▸ EXERCISE BRIEF:
Scan the records for the string "property", then copy each line that has it.
************
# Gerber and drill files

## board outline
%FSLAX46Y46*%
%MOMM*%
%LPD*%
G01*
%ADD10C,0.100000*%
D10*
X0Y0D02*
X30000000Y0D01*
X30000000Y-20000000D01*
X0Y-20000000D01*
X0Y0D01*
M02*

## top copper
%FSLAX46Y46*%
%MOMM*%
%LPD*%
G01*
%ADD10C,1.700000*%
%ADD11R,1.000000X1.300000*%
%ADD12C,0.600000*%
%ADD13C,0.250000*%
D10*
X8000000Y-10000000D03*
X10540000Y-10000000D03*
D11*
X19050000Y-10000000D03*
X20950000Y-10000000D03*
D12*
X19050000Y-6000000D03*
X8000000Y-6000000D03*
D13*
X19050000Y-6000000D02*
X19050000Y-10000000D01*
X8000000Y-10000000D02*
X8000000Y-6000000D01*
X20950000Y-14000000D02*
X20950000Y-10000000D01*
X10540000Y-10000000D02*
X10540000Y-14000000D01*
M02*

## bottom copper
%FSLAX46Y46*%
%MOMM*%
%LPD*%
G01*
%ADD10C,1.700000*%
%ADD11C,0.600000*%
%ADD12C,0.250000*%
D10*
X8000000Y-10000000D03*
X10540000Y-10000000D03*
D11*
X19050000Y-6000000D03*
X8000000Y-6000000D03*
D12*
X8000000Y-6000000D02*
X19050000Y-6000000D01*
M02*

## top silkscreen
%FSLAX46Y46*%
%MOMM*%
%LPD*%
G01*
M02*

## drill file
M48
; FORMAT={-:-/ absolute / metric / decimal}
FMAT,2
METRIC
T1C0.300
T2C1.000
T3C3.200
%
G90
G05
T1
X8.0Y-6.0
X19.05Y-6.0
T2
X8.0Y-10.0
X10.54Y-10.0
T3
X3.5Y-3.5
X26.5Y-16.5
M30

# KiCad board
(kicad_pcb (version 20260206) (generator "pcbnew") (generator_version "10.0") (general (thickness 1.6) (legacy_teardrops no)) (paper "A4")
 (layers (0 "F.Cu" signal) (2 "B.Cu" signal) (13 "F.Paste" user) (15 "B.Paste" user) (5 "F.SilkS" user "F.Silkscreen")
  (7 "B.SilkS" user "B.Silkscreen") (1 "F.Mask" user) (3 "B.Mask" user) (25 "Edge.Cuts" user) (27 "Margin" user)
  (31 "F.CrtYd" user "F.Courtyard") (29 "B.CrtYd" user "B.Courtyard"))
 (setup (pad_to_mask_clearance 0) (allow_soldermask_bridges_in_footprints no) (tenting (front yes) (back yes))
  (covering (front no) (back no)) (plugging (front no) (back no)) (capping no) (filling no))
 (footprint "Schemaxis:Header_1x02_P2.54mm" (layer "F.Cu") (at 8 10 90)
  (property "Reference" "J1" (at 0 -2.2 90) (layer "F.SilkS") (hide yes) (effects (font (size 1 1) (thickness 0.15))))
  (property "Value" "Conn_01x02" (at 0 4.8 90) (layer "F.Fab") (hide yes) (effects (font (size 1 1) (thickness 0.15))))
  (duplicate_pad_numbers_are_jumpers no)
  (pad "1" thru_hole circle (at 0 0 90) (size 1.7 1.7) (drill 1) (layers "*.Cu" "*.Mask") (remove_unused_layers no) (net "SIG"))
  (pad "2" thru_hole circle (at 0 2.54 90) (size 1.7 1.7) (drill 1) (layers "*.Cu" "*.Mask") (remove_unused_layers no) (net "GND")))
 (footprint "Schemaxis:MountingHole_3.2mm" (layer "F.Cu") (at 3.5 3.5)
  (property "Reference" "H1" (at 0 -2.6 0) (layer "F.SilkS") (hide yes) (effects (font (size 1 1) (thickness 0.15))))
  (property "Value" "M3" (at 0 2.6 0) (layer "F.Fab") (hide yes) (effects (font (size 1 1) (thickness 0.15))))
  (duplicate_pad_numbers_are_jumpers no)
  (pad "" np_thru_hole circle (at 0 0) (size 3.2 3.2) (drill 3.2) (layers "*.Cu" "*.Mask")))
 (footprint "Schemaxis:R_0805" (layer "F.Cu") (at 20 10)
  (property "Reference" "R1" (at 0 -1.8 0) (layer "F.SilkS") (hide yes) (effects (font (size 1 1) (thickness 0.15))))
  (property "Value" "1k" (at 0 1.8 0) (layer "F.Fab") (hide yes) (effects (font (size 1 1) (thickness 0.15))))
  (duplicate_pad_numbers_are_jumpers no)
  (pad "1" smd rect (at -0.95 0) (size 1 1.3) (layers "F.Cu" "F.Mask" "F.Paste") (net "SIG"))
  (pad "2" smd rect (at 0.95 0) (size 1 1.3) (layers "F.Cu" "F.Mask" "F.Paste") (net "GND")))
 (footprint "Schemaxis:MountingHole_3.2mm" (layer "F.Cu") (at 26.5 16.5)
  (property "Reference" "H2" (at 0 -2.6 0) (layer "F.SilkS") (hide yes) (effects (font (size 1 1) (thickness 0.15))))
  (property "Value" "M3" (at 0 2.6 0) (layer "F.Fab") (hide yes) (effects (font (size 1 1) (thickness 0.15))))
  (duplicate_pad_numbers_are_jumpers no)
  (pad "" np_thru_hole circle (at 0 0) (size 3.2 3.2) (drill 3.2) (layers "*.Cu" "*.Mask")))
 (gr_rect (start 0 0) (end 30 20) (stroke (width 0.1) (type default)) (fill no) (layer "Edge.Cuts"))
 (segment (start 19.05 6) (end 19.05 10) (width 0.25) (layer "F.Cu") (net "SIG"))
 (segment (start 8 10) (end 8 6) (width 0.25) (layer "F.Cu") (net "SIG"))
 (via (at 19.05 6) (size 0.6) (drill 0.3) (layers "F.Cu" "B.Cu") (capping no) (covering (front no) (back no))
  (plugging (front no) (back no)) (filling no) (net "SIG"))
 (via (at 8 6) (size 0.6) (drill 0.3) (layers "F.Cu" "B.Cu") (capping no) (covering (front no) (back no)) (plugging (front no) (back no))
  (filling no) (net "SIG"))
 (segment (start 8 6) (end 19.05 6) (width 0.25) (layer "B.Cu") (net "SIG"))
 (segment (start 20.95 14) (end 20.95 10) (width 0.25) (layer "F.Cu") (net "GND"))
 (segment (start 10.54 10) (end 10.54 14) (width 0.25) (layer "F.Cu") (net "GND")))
************
▸ RESPONSE:
  (property "Reference" "J1" (at 0 -2.2 90) (layer "F.SilkS") (hide yes) (effects (font (size 1 1) (thickness 0.15))))
  (property "Value" "Conn_01x02" (at 0 4.8 90) (layer "F.Fab") (hide yes) (effects (font (size 1 1) (thickness 0.15))))
  (property "Reference" "H1" (at 0 -2.6 0) (layer "F.SilkS") (hide yes) (effects (font (size 1 1) (thickness 0.15))))
  (property "Value" "M3" (at 0 2.6 0) (layer "F.Fab") (hide yes) (effects (font (size 1 1) (thickness 0.15))))
  (property "Reference" "R1" (at 0 -1.8 0) (layer "F.SilkS") (hide yes) (effects (font (size 1 1) (thickness 0.15))))
  (property "Value" "1k" (at 0 1.8 0) (layer "F.Fab") (hide yes) (effects (font (size 1 1) (thickness 0.15))))
  (property "Reference" "H2" (at 0 -2.6 0) (layer "F.SilkS") (hide yes) (effects (font (size 1 1) (thickness 0.15))))
  (property "Value" "M3" (at 0 2.6 0) (layer "F.Fab") (hide yes) (effects (font (size 1 1) (thickness 0.15))))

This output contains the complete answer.